Another Illustration of the same truth is the example of Nineveh. We must consider the incident of Nineveh as historical fact. The chief significance of the book of Jonah is its prophetic character. Nineveh is typical of the world to whom the gospel will be preached after Christ has risen from the dead. Even as Jonah goes forth after his three days in the fish’s belly to preach the word of God to a people outside of Israel, so the risen Christ will go forth after a three day’s stay in the heart of the earth to preach the glad evangel to every nation. But that is not our consideration at present. We must view the matter as historical reality.

The wickedness of Nineveh is great, and because of this Jonah is sent to preach its destruction. Also here final punishment is preached: Jonah must announce extermination of Nineveh as a city. The question also in this case is whether Nineveh, as Sodom of old, is ripe for destruction. Jonah preaches, and Nineveh humbles itself. The announcement of punishment still terrifies its inhabitants.

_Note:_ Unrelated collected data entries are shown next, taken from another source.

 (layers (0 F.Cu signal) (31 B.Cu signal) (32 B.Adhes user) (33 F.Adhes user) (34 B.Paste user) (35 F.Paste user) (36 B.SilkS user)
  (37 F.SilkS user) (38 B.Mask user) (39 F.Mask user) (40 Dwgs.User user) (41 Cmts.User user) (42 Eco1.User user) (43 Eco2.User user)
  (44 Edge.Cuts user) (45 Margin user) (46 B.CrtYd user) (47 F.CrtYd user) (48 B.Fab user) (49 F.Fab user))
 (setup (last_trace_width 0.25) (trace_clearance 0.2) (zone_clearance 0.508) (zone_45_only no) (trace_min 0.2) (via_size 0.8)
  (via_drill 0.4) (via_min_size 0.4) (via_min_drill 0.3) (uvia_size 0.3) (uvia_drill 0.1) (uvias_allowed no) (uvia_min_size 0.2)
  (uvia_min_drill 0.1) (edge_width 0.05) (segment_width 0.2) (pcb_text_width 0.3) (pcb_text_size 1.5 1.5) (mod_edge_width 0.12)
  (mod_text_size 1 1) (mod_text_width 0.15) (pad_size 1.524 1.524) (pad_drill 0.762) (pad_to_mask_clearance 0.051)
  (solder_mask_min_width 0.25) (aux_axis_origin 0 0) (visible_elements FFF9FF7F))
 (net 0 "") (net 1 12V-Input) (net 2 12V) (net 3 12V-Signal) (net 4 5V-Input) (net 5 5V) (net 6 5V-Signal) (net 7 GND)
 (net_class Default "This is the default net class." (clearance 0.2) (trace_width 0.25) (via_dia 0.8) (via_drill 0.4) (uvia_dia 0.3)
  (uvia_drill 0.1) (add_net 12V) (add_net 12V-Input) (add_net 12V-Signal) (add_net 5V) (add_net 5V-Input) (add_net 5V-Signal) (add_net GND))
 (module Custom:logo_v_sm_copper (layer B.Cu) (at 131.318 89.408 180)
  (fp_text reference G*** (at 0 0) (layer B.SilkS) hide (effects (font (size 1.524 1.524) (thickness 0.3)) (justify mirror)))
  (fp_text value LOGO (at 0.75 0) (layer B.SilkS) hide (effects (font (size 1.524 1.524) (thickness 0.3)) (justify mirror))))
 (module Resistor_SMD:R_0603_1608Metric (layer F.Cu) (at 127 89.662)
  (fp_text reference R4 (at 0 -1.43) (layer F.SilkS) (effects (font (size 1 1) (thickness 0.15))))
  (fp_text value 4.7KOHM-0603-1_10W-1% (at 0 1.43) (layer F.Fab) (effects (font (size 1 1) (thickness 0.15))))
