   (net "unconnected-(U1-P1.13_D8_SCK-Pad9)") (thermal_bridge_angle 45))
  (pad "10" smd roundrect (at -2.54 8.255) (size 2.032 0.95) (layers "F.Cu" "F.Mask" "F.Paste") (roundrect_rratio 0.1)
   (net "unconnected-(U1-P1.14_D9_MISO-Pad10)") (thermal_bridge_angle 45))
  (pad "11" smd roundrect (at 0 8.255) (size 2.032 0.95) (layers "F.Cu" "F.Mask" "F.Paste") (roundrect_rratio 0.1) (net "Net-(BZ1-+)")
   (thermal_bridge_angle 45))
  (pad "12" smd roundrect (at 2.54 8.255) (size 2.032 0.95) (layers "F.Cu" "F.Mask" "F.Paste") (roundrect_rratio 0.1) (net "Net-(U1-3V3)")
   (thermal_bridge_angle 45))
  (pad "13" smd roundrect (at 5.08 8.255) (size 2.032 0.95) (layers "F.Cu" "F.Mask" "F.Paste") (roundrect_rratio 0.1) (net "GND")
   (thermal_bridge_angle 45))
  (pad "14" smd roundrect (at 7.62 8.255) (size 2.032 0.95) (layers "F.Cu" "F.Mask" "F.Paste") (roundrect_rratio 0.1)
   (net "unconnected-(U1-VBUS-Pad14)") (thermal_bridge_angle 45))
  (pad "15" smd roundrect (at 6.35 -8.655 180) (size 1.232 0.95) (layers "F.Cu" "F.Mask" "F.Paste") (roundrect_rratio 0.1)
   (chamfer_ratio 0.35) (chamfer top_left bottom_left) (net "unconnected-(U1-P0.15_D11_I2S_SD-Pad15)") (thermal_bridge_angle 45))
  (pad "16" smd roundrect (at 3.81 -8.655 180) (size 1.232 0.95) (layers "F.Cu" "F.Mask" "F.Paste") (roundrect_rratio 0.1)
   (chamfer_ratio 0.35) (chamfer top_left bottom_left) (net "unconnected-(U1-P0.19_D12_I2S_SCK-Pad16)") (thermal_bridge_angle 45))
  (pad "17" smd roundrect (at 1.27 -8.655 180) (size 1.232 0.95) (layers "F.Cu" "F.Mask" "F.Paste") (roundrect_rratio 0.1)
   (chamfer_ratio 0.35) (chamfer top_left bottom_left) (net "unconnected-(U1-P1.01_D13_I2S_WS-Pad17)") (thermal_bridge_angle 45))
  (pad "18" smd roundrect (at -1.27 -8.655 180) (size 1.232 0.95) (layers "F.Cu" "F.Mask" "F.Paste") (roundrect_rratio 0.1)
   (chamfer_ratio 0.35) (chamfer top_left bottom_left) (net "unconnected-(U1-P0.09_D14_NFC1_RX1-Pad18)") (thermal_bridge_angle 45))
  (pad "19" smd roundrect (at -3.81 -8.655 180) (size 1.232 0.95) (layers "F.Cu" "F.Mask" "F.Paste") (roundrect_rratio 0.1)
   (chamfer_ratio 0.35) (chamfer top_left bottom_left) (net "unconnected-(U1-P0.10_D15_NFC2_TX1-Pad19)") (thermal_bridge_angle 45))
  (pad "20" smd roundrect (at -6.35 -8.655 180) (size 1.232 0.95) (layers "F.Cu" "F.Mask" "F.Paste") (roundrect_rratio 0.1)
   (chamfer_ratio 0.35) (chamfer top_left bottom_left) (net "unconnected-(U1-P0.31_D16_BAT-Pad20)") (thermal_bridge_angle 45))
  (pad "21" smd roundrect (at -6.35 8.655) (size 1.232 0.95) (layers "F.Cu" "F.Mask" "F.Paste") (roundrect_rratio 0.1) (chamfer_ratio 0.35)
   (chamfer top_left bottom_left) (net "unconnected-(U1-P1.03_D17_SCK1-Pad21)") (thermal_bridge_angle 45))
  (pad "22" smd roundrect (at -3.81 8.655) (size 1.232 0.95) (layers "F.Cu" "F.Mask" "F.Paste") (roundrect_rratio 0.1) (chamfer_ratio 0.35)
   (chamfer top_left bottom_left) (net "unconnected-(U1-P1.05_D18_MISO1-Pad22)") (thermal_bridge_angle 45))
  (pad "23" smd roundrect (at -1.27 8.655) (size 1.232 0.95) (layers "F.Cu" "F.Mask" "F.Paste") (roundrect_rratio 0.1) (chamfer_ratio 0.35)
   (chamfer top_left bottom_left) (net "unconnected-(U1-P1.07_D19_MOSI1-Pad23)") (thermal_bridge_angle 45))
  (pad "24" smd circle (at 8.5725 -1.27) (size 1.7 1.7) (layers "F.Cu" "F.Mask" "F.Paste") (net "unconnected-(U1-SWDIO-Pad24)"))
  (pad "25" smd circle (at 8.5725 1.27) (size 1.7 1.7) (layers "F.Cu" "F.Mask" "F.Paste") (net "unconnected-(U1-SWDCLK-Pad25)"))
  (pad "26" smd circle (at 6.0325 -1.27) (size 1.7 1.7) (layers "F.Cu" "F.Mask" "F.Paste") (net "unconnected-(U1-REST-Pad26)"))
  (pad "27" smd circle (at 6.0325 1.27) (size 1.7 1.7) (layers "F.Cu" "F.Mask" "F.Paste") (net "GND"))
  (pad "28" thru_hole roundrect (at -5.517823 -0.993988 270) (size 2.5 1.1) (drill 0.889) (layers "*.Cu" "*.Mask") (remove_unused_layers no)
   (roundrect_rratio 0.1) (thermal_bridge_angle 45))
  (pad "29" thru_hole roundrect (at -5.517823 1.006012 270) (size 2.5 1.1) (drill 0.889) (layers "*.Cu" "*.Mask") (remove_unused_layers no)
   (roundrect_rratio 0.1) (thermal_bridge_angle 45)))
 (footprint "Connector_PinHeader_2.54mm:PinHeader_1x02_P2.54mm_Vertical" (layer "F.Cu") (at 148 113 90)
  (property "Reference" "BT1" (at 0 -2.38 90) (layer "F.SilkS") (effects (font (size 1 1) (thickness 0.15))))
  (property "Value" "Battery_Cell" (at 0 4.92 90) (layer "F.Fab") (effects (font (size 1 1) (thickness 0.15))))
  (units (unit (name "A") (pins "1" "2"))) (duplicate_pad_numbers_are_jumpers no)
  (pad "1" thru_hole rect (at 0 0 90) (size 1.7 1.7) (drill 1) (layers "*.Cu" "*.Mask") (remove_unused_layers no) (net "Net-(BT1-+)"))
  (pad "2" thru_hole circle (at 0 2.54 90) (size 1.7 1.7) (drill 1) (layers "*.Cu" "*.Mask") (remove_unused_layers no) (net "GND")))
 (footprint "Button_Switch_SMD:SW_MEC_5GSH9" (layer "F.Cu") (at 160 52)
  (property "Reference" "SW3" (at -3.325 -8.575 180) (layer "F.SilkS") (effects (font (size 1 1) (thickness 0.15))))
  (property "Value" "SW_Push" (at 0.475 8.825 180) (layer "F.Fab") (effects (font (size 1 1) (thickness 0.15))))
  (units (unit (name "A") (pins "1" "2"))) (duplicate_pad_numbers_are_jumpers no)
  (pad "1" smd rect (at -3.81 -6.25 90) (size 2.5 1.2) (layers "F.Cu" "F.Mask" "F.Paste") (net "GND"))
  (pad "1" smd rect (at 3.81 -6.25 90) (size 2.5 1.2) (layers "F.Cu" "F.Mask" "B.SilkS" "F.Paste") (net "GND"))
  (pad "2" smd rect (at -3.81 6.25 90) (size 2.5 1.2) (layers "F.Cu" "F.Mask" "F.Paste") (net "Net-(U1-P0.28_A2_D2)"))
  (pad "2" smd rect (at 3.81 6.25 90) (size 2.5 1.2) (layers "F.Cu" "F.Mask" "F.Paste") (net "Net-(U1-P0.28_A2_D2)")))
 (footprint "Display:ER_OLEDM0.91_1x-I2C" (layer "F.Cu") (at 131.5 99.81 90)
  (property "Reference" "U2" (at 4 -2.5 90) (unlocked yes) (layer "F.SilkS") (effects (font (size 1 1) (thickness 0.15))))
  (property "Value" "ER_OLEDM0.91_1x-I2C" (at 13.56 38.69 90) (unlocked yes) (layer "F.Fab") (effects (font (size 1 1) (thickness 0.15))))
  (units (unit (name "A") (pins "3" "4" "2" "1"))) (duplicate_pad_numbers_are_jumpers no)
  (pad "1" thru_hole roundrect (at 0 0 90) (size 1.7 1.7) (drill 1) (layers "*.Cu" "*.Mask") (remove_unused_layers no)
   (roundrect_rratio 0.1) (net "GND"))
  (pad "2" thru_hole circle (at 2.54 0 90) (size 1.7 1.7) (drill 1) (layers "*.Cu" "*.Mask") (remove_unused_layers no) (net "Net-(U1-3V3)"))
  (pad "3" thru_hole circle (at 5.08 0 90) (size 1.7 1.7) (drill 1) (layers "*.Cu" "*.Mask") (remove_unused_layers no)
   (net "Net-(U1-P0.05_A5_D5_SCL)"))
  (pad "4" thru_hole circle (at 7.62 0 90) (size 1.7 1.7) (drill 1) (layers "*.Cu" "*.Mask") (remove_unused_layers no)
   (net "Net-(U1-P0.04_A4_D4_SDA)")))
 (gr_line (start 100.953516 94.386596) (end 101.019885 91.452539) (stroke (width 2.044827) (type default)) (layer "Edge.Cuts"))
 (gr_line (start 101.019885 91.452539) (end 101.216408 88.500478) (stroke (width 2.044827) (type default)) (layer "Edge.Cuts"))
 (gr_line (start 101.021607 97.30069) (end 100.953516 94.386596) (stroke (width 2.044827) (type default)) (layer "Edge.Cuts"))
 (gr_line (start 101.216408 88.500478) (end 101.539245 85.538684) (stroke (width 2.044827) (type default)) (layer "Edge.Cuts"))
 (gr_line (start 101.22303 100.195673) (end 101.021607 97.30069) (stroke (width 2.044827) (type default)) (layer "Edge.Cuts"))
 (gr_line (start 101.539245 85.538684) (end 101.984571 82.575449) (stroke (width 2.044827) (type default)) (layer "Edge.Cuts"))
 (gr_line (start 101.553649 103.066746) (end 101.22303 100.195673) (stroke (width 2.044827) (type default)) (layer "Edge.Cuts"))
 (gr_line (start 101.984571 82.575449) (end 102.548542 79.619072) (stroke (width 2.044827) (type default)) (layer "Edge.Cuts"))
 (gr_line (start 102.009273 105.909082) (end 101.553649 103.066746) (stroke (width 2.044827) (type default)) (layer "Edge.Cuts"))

As in Ahab’s case, this is a sign that the time for final judgment is not yet ripe.

The destruction of the city is postponed for the while. Surely, not long afterward Nineveh is destroyed. But when Jonah preached against the city, the wickedness of its inhabitants had not reached its culmination. Hence the Lord’s final sentence is not executed. Nineveh’s example, like that of Ahab, assures us that final punishment will be inflicted only when the measure of iniquity is full. This filling of the measure of iniquity takes place only along the organic line of the development of the race, and even of individual tribes and families.